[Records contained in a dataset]
=== Section Start ===

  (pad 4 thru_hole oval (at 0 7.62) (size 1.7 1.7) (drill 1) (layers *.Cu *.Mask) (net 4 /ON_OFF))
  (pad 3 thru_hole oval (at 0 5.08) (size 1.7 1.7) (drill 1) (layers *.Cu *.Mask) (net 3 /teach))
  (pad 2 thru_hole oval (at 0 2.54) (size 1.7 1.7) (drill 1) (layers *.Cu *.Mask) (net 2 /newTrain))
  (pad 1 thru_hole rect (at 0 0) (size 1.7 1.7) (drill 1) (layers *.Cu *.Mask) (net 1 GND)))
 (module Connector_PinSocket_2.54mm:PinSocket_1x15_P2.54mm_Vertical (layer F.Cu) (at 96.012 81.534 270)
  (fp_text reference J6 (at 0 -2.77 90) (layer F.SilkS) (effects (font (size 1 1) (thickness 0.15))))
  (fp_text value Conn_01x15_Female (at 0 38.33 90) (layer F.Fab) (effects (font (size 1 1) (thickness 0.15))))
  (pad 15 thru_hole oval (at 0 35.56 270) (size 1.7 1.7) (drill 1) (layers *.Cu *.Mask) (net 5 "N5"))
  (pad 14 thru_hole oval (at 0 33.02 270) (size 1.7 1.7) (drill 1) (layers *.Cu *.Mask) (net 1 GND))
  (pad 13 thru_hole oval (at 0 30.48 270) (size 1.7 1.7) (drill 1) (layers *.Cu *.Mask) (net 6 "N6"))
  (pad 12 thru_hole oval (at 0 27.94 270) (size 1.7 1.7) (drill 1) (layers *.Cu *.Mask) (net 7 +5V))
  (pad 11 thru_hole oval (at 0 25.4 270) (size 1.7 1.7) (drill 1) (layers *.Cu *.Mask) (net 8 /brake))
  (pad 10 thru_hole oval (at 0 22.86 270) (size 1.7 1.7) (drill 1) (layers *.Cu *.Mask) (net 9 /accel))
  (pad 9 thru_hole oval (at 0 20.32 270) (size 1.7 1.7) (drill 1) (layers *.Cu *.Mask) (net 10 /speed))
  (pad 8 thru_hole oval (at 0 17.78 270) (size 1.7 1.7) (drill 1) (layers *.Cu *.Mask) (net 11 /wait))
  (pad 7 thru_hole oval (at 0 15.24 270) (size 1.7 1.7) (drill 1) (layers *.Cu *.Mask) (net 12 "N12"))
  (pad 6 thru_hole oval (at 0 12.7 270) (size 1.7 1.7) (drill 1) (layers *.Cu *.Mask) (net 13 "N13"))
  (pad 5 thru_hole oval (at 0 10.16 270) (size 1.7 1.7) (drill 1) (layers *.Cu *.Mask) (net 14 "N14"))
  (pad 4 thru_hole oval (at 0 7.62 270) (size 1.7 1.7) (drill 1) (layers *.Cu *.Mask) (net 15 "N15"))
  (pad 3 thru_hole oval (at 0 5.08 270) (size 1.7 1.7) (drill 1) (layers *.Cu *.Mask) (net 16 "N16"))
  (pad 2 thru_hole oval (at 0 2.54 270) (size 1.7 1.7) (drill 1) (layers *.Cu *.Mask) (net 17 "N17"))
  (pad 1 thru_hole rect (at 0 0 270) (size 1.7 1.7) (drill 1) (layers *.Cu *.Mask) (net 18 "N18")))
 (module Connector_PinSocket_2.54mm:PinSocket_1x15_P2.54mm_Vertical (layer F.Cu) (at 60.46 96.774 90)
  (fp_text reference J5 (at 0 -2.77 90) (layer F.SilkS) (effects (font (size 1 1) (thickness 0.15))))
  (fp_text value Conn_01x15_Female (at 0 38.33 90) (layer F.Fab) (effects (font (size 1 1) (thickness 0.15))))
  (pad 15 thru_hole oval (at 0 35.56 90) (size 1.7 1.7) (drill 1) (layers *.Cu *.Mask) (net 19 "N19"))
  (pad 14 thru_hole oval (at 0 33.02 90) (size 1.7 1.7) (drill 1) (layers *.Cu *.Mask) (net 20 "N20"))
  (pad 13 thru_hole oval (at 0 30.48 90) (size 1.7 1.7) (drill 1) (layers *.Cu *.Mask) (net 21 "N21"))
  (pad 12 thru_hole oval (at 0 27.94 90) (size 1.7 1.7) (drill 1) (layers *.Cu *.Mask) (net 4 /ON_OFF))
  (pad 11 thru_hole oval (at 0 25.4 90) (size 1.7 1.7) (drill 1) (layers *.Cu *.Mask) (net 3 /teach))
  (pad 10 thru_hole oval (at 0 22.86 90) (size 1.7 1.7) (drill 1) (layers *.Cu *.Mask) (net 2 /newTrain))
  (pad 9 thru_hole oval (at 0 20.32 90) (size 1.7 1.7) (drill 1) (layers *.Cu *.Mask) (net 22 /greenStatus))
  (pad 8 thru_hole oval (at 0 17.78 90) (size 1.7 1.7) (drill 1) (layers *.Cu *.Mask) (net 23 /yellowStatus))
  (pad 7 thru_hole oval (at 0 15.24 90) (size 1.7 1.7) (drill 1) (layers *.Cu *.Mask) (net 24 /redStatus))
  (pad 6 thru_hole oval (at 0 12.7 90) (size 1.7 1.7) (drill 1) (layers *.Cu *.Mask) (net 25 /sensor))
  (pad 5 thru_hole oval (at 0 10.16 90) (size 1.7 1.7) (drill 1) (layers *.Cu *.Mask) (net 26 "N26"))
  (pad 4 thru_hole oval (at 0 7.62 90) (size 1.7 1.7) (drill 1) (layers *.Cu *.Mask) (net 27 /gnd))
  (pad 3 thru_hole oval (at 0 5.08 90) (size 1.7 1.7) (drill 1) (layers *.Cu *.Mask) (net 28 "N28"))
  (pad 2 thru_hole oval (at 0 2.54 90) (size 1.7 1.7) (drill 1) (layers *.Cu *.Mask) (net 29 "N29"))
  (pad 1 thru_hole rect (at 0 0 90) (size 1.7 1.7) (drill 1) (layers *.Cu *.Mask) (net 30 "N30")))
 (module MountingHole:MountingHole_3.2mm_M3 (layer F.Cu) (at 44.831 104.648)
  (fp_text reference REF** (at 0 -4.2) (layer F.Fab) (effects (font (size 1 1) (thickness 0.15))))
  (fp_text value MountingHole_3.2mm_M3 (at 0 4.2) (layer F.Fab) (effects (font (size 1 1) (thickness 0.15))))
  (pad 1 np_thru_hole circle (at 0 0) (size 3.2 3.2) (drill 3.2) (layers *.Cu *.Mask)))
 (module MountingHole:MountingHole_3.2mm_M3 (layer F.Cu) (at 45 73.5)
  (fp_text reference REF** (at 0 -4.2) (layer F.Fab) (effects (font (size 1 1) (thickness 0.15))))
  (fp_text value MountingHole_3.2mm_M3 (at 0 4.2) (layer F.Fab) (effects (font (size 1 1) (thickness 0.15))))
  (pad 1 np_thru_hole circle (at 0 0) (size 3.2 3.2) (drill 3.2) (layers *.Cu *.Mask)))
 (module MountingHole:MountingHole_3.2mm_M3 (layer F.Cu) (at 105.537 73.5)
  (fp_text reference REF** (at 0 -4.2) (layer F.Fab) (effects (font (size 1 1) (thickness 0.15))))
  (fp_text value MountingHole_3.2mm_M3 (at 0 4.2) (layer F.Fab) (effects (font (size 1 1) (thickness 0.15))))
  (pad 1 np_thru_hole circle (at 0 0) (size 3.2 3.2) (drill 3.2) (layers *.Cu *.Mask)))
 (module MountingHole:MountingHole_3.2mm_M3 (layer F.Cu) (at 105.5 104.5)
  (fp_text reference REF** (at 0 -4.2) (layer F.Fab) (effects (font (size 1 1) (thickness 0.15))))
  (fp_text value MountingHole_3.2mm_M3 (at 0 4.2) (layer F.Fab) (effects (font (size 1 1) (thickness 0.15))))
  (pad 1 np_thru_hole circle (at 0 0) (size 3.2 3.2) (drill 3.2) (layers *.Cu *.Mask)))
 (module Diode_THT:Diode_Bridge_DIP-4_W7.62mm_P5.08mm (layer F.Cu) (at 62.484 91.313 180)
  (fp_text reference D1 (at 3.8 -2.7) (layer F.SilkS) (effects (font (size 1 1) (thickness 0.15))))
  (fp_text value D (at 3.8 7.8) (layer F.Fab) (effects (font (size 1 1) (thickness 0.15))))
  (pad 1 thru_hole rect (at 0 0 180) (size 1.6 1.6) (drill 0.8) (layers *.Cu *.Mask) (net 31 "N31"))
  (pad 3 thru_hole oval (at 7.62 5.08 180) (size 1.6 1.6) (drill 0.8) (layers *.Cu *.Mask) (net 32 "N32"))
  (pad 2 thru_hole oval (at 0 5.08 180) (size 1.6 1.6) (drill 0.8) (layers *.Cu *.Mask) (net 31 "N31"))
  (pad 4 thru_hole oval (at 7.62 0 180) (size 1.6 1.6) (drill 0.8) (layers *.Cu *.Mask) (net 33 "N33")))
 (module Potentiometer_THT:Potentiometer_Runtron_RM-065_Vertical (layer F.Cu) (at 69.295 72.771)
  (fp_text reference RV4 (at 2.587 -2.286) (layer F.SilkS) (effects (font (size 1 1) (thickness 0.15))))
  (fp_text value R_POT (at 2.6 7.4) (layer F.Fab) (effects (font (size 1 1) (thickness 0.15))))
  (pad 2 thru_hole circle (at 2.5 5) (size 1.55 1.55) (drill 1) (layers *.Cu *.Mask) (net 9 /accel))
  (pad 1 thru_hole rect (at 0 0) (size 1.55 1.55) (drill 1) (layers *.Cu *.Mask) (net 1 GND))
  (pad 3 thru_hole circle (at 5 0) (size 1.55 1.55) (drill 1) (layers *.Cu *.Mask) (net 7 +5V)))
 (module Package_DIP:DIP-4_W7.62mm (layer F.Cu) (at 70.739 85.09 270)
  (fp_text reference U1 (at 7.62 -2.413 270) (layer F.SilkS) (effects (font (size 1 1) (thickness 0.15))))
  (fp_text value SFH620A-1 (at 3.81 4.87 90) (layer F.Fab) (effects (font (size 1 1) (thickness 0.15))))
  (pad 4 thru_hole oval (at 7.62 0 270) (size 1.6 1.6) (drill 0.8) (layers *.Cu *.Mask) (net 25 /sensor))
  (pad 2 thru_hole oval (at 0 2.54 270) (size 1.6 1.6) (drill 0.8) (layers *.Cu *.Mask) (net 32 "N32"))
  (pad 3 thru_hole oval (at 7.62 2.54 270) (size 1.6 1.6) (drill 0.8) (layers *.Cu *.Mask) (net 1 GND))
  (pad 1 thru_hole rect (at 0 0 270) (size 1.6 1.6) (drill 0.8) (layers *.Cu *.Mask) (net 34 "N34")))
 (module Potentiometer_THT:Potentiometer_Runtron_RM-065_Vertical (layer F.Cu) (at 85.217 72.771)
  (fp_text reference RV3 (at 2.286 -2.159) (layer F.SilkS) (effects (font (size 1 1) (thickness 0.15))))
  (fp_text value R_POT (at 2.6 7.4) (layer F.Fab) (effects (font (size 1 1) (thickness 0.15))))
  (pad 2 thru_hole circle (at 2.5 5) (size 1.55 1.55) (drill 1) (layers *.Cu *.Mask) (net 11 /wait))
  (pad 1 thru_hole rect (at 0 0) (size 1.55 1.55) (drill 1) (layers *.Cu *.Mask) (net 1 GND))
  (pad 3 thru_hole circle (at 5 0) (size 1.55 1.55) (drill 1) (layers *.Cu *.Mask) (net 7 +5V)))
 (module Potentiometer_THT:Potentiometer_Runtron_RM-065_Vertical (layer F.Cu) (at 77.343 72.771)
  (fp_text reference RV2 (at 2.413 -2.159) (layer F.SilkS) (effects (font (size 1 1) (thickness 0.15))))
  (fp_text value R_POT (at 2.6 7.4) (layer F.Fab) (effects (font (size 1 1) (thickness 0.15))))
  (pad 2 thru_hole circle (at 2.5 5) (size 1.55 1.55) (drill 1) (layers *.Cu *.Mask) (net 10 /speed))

=== Section End ===

• **TASK TO CARRY OUT**:
In the entries above, please find the line with "(pad 3 thru_hole oval (at 0 5.08)" and the line with "(pad 1 thru_hole rect (at 0 0) (size 1.7", then write out exactly those two lines and every line between them, and nothing more.

• **RESPONSE BOX**:
  (pad 3 thru_hole oval (at 0 5.08) (size 1.7 1.7) (drill 1) (layers *.Cu *.Mask) (net 3 /teach))
  (pad 2 thru_hole oval (at 0 2.54) (size 1.7 1.7) (drill 1) (layers *.Cu *.Mask) (net 2 /newTrain))
  (pad 1 thru_hole rect (at 0 0) (size 1.7 1.7) (drill 1) (layers *.Cu *.Mask) (net 1 GND)))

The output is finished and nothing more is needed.